== WORK TO BE COMPLETED ==
Of the lines below, write out exactly those from the line with "X125310261Y-64431352D01*" through the line with "X126262642Y-64955161D01*", both included, and skip the rest.

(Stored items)
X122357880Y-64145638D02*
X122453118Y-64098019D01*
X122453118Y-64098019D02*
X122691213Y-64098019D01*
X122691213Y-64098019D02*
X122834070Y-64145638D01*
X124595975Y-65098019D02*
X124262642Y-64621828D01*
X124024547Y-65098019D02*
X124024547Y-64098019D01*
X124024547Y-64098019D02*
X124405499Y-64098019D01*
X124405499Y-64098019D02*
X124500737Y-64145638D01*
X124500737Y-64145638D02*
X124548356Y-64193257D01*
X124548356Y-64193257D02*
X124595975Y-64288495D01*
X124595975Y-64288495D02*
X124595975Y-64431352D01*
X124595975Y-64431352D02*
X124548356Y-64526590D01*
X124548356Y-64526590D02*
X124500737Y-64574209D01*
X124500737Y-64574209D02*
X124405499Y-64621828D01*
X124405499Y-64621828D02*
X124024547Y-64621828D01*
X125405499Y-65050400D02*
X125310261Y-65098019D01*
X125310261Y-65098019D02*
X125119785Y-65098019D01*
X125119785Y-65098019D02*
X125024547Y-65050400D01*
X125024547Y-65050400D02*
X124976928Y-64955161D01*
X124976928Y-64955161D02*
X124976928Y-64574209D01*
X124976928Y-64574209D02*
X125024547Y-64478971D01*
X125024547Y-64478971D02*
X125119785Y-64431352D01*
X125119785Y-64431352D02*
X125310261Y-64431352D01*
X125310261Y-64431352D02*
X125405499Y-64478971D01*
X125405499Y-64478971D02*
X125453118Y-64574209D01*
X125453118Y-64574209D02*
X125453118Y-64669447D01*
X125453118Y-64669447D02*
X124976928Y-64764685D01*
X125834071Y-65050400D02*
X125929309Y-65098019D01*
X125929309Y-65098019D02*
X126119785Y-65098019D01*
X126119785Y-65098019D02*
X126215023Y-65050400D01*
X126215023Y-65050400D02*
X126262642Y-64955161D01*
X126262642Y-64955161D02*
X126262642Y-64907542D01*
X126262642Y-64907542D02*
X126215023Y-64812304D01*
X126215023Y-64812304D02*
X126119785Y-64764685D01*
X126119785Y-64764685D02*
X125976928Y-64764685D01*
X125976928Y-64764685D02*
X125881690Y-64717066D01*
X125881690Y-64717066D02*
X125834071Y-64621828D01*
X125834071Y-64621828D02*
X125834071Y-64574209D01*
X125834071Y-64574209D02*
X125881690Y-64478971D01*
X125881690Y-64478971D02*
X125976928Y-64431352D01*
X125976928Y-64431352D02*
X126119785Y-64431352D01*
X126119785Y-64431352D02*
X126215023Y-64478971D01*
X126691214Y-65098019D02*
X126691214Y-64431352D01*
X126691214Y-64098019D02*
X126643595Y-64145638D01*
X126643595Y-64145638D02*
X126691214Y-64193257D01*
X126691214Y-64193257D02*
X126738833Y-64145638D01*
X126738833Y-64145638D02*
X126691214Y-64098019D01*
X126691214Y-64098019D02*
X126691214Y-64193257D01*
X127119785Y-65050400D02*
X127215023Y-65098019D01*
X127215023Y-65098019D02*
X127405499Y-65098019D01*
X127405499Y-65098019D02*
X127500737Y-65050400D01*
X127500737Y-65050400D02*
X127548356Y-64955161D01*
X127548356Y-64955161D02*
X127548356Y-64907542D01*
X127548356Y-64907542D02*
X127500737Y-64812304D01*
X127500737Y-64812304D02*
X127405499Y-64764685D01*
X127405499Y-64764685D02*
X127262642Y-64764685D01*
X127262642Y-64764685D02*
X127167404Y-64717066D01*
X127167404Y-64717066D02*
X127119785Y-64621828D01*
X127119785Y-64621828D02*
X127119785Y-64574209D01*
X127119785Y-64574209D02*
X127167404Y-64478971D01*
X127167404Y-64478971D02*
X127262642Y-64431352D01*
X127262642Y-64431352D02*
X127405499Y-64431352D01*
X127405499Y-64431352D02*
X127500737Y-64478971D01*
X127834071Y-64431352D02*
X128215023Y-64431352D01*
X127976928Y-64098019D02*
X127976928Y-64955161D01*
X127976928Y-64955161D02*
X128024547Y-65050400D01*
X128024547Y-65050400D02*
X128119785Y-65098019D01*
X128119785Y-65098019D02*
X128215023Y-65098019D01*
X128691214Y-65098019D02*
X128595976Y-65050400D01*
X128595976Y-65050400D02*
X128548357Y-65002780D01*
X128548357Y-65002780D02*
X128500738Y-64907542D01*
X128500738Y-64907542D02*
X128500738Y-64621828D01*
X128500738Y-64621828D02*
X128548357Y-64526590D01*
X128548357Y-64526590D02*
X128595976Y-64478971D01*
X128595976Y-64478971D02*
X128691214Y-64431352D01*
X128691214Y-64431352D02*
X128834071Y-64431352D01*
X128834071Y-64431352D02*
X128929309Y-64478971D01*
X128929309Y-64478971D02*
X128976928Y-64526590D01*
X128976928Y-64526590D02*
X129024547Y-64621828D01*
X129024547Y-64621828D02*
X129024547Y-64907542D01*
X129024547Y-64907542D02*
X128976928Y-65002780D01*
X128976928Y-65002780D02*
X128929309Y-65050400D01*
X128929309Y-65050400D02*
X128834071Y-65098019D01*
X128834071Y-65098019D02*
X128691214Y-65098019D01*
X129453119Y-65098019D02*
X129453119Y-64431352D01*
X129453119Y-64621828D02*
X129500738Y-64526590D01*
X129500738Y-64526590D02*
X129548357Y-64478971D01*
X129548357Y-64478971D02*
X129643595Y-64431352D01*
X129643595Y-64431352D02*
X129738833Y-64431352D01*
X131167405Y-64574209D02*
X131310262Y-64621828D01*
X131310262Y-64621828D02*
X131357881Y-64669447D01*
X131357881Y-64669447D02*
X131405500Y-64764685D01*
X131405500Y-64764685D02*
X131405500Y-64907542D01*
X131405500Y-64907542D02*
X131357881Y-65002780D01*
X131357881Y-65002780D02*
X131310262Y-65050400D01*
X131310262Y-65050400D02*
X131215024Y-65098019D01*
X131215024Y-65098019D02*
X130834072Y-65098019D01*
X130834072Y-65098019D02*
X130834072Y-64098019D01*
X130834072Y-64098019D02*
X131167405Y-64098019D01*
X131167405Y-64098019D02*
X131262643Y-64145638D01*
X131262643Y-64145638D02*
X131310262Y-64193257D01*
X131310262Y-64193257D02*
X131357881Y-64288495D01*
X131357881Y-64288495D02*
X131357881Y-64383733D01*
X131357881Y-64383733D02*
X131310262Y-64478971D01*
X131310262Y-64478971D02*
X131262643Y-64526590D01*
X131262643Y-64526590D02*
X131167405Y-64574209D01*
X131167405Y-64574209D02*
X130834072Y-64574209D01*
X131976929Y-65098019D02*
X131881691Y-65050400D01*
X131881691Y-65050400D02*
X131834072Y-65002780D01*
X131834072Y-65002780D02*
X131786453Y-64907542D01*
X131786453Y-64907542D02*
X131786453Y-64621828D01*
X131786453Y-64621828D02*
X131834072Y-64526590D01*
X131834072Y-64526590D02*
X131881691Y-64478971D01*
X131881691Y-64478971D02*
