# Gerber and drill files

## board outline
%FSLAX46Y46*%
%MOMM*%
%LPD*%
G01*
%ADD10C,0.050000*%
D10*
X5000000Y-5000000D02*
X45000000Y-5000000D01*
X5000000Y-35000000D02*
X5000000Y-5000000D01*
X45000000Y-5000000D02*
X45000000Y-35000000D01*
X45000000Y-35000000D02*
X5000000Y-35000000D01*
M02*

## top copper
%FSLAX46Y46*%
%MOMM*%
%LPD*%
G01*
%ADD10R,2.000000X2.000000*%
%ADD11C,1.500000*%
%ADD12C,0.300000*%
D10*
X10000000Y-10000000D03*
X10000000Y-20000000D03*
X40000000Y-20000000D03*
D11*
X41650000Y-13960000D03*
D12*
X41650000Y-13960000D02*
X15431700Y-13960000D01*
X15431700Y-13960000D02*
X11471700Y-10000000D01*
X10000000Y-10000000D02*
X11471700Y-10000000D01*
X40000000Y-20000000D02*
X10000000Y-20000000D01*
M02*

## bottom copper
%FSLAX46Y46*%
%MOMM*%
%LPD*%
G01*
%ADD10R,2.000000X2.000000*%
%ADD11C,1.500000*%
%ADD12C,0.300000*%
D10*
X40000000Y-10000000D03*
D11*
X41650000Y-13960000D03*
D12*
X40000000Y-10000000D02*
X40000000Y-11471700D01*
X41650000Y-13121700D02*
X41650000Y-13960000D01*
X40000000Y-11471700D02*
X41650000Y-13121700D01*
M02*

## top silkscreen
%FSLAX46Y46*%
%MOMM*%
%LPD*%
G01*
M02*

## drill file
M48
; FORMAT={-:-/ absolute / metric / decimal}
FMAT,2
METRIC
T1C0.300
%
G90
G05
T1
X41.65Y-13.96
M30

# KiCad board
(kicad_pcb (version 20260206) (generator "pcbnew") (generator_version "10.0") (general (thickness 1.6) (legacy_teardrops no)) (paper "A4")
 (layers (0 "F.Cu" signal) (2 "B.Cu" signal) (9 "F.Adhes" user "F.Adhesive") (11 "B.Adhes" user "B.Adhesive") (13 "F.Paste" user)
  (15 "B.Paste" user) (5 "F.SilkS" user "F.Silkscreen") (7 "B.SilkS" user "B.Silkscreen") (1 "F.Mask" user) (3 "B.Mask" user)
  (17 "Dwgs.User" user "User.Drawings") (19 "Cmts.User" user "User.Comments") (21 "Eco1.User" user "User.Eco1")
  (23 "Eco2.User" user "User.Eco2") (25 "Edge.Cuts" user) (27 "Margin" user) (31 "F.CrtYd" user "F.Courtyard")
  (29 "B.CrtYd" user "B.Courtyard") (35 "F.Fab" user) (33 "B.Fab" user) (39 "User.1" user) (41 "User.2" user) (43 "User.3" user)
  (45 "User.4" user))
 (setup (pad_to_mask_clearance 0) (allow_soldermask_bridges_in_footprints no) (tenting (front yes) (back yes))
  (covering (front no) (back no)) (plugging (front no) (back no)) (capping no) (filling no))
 (gr_line (start 5 5) (end 45 5) (stroke (width 0.05) (type default)) (layer "Edge.Cuts"))
 (gr_line (start 5 35) (end 5 5) (stroke (width 0.05) (type default)) (layer "Edge.Cuts"))
 (gr_line (start 45 5) (end 45 35) (stroke (width 0.05) (type default)) (layer "Edge.Cuts"))
 (gr_line (start 45 35) (end 5 35) (stroke (width 0.05) (type default)) (layer "Edge.Cuts"))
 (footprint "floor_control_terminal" (layer "F.Cu") (at 10 10)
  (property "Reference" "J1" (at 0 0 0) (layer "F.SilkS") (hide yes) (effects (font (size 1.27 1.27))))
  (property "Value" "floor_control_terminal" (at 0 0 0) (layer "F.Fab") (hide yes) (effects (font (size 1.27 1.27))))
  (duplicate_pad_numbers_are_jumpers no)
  (pad "1" smd rect (at 0 0) (size 2 2) (layers "F.Cu" "F.Paste" "F.Mask") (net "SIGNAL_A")))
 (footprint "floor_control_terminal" (layer "B.Cu") (at 40 10)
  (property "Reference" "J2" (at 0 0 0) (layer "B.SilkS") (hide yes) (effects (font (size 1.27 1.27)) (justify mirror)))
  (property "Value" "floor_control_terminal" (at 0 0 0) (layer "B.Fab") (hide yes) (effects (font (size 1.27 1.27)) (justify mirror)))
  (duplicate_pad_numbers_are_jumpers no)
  (pad "1" smd rect (at 0 0) (size 2 2) (layers "B.Cu" "B.Paste" "B.Mask") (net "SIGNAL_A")))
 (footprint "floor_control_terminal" (layer "F.Cu") (at 10 20)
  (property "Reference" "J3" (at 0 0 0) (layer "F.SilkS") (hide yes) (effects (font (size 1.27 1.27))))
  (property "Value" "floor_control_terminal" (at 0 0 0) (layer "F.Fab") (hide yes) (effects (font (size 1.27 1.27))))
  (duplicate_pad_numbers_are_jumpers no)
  (pad "1" smd rect (at 0 0) (size 2 2) (layers "F.Cu" "F.Paste" "F.Mask") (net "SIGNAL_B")))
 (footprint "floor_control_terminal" (layer "F.Cu") (at 40 20)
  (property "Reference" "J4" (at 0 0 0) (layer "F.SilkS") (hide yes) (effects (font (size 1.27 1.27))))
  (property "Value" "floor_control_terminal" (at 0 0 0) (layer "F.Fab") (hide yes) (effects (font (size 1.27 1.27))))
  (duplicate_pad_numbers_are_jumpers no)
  (pad "1" smd rect (at 0 0) (size 2 2) (layers "F.Cu" "F.Paste" "F.Mask") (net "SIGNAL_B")))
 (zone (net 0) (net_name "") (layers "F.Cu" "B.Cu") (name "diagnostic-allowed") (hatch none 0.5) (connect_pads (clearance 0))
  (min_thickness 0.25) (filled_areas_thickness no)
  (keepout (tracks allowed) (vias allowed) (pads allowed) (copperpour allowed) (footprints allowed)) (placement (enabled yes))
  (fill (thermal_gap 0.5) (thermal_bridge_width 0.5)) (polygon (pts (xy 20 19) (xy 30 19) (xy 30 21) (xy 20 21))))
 (segment (start 41.65 13.96) (end 15.4317 13.96) (width 0.3) (layer "F.Cu") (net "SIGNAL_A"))
 (segment (start 15.4317 13.96) (end 11.4717 10) (width 0.3) (layer "F.Cu") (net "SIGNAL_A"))
 (segment (start 10 10) (end 11.4717 10) (width 0.3) (layer "F.Cu") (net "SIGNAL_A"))
 (via (at 41.65 13.96) (size 1.5) (drill 0.3) (layers "F.Cu" "B.Cu") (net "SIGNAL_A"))
 (segment (start 40 10) (end 40 11.4717) (width 0.3) (layer "B.Cu") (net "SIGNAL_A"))
 (segment (start 41.65 13.1217) (end 41.65 13.96) (width 0.3) (layer "B.Cu") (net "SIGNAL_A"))
 (segment (start 40 11.4717) (end 41.65 13.1217) (width 0.3) (layer "B.Cu") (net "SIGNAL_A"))
 (segment (start 40 20) (end 10 20) (width 0.3) (layer "F.Cu") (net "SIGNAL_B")))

== WORKED SOLUTION ==
X125310261Y-64431352D01*
X125310261Y-64431352D02*
X125405499Y-64478971D01*
X125405499Y-64478971D02*
X125453118Y-64574209D01*
X125453118Y-64574209D02*
X125453118Y-64669447D01*
X125453118Y-64669447D02*
X124976928Y-64764685D01*
X125834071Y-65050400D02*
X125929309Y-65098019D01*
X125929309Y-65098019D02*
X126119785Y-65098019D01*
X126119785Y-65098019D02*
X126215023Y-65050400D01*
X126215023Y-65050400D02*
X126262642Y-64955161D01*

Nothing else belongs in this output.